We got engaged last May and are currently planning our wedding in Colombia and Hong Kong, our home countries."
"We met while studying Arabic at Columbia and started dating in early fall 2006. We probably wouldn’t have found many opportunities to meet since Steven studied computer science and I studied anthropology. However, Steven's interest in linguistics and my passion for other cultures and languages led us to each other. A couple of years ago, we took our engagement photos on Columbia's campus, a special and meaningful place for both of us. We married in New York last year. This Valentine's Day marks our first as a married couple."
"My wife, Warongsiri, and I are both Columbia graduate of class Master in Real Estate Development of 2011. We met during class and due to the share passion in Real Estate our love grow as the semester passes. She is good with numbers, very good – so I ask her to teach me accounting and real estate finance – and that’s where we got started.
Since we both love Real Estate, which in effect mean buildings and skyscrapers – I asked her out on a rooftop of a 61 stories hotel called Banyan Tree in Bangkok where we visited over the holiday on 5th January. It was a success. We started dating. We studied, we traveled, we worked, we had long distant relationship, and after many adventures we got married on 2nd November 2012.
Yes, I asked her to marry me on another rooftop. It worked as well.
Over the course of our relationship, we traveled together a lot. We visited several cities around the world. We are blessed many friends from Columbia who conveniently situated everywhere in the world, which give us excuse to visit them. Because of this we get to visit different real estate around the world too!
After our marriage, we started our family in Phuket and on 13th February 2014, my wife gave birth to our first daughter. We named her 'Serene' signifying the clear and blue sky of Phuket Island.
All human has their strong and weak points. My wife and I are somewhat different and yet we shared many many interests and many memories and hardship together. I think we complete each other very well. Now we have been together for 5 years with a two years old beautiful daughter, we are very happy.

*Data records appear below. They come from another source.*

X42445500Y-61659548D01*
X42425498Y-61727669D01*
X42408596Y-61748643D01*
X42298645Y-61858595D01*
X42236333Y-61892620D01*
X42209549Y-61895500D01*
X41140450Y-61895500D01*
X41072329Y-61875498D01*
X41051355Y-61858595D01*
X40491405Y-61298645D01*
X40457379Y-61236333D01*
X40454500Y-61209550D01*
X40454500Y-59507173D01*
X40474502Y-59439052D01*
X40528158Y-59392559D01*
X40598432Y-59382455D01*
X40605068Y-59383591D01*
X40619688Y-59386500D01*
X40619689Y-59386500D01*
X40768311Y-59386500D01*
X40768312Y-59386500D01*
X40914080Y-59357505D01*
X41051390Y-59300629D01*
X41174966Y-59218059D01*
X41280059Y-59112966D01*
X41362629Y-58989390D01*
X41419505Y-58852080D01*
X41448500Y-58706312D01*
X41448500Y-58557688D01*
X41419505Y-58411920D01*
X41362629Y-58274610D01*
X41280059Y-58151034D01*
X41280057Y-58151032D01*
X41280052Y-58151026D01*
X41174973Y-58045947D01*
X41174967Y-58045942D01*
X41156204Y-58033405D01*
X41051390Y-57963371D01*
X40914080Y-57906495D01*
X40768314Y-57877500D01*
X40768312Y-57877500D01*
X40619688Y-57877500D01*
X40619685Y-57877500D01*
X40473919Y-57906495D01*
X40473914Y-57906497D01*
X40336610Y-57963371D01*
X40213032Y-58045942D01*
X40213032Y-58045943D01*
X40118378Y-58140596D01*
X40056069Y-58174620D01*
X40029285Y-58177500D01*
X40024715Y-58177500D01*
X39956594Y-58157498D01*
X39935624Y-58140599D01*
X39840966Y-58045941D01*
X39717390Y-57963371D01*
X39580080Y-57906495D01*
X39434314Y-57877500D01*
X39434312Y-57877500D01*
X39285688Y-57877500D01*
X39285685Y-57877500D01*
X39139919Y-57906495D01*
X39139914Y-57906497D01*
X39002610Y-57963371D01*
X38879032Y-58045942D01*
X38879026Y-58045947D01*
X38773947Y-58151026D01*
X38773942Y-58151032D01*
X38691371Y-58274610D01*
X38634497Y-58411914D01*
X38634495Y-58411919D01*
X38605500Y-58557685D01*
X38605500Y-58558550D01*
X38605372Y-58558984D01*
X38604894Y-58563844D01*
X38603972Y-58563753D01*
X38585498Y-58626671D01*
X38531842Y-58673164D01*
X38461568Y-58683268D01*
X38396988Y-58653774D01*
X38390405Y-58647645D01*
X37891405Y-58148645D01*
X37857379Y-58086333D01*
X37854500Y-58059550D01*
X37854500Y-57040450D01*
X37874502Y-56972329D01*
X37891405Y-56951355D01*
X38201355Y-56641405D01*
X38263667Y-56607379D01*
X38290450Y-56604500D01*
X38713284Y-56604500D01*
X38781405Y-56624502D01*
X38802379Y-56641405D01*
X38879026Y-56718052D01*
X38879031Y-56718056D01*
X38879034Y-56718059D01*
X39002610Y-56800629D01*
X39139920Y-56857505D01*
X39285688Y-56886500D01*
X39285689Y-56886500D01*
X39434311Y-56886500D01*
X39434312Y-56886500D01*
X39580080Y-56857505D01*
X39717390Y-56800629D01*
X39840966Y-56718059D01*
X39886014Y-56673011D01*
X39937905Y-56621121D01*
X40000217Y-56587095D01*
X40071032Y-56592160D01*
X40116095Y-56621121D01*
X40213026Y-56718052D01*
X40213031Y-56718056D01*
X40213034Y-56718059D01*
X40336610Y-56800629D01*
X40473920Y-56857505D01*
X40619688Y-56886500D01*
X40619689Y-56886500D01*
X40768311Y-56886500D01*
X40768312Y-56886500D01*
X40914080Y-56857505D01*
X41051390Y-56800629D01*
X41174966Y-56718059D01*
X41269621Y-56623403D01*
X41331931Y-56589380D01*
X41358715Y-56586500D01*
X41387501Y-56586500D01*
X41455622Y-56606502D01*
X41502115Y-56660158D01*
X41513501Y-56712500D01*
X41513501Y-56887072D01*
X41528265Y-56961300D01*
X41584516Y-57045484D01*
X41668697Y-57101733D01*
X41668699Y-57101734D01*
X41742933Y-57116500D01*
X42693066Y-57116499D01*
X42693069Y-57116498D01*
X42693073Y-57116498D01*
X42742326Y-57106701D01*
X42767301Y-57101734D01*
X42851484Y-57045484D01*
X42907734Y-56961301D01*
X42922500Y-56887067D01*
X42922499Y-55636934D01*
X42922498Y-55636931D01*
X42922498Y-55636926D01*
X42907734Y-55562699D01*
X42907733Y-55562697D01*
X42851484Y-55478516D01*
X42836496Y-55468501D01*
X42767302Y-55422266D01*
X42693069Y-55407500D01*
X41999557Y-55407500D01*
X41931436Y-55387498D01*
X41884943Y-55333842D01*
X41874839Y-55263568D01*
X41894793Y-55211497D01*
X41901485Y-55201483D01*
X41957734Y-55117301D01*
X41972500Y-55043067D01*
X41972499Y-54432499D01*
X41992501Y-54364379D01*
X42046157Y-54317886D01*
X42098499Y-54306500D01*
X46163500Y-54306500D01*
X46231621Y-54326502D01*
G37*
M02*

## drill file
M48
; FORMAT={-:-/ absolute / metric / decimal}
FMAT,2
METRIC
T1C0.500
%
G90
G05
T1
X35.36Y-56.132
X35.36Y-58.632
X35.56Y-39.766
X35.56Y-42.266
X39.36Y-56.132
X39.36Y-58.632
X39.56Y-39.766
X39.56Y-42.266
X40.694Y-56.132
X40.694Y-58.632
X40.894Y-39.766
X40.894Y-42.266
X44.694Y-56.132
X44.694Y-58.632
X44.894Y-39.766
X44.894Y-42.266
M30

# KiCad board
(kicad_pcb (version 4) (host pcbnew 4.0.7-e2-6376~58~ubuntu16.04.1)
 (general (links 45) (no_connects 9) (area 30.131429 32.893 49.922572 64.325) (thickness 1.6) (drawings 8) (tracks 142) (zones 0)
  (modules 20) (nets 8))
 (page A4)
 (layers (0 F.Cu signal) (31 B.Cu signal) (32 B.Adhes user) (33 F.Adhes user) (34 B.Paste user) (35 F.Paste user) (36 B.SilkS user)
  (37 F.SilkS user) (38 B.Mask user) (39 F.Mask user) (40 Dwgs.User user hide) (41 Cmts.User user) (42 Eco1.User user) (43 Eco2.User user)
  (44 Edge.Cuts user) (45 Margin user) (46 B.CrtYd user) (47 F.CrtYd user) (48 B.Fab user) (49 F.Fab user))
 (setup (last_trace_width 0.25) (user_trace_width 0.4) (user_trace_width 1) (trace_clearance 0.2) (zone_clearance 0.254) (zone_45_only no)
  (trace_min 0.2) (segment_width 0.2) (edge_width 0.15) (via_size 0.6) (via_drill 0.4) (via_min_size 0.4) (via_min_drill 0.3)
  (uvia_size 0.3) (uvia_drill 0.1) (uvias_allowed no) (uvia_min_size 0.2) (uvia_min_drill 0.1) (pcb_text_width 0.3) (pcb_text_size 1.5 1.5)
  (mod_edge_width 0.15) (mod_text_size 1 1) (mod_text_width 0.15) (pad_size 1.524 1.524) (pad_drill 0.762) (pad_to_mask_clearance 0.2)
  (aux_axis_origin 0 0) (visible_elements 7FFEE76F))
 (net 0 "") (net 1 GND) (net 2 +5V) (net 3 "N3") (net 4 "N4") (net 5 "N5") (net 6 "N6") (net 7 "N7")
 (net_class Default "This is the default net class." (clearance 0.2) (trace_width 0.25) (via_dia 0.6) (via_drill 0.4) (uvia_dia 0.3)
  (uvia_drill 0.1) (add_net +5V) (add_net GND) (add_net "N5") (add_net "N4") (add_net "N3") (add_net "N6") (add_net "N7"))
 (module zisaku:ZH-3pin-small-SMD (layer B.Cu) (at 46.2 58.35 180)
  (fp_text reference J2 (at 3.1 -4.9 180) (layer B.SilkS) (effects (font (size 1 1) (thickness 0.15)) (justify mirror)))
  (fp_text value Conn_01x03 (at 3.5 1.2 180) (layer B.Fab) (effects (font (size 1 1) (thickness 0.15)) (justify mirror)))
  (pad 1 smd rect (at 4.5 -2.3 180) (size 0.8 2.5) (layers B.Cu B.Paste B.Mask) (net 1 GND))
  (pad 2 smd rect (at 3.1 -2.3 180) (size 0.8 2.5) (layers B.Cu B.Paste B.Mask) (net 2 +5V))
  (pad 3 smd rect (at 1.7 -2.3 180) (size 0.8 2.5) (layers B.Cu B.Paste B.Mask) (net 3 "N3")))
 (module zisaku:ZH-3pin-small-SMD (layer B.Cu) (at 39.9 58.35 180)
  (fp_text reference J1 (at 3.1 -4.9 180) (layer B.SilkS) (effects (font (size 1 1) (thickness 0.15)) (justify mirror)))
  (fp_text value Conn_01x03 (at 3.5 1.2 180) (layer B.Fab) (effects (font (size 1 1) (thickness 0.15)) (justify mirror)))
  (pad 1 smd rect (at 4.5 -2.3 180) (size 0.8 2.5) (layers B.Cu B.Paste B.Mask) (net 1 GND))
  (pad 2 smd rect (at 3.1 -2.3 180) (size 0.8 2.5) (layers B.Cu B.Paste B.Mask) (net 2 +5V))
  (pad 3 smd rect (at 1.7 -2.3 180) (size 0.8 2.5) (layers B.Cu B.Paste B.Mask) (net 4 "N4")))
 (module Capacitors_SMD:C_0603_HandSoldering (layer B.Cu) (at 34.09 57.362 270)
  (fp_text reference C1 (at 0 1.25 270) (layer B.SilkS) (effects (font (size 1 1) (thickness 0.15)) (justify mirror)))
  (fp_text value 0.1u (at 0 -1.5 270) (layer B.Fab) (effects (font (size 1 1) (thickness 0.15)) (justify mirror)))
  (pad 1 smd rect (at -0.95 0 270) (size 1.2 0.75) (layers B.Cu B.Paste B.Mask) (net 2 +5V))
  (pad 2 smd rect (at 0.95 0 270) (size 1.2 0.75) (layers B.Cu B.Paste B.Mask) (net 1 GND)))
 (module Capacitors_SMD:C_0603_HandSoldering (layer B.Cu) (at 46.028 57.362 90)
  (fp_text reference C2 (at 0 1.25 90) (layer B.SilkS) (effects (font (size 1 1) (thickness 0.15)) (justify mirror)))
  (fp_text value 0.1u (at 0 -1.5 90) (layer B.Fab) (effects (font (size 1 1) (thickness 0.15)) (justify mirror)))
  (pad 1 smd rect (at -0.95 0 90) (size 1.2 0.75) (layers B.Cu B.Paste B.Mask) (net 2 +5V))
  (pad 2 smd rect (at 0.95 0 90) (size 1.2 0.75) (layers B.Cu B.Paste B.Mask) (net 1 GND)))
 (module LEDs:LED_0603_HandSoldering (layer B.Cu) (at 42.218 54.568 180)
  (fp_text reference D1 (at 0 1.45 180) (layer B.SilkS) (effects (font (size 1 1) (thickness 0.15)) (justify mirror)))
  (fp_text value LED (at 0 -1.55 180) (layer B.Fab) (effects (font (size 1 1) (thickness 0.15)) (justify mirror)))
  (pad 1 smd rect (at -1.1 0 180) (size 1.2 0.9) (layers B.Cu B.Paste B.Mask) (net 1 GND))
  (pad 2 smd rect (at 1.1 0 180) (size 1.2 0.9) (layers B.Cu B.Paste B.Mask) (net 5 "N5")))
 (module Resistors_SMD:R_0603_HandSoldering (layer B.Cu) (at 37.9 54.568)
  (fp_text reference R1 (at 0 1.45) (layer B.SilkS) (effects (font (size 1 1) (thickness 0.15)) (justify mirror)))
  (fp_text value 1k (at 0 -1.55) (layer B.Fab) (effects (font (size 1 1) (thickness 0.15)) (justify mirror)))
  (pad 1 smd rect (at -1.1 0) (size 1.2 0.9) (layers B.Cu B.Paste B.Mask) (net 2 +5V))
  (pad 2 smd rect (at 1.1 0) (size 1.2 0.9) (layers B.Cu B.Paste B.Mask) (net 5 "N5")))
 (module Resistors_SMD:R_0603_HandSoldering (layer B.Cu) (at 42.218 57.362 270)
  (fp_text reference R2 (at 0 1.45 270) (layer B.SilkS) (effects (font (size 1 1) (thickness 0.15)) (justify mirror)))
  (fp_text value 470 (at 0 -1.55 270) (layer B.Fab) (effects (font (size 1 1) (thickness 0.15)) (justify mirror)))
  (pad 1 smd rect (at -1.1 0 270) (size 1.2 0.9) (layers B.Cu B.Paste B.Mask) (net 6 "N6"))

I promised her to be with her until the day she dies. It is a promise I intend to keep. 'Grow old together.'"
"So, on June 18th this year I’ll marry the man of my life.
I met him on Jan 19th 2010, while we were both @CBS (he is class of 2010 and I am 2011).
We met during a week-end trip to Washington DC.
We have not been together during BSchool and we spent full 2012 in 2 continents (I was in Europe, he was in US first and then South America).
Despite the huge distance and the fact that we were 'only friends' we kept on writing emails, text, chat on daily basis till Jan 2013, when he came back to IT.
On Jan 2013 we started dating and our love story started officially in March.
I love him so much and looking forward to starting my life with him as a couple!"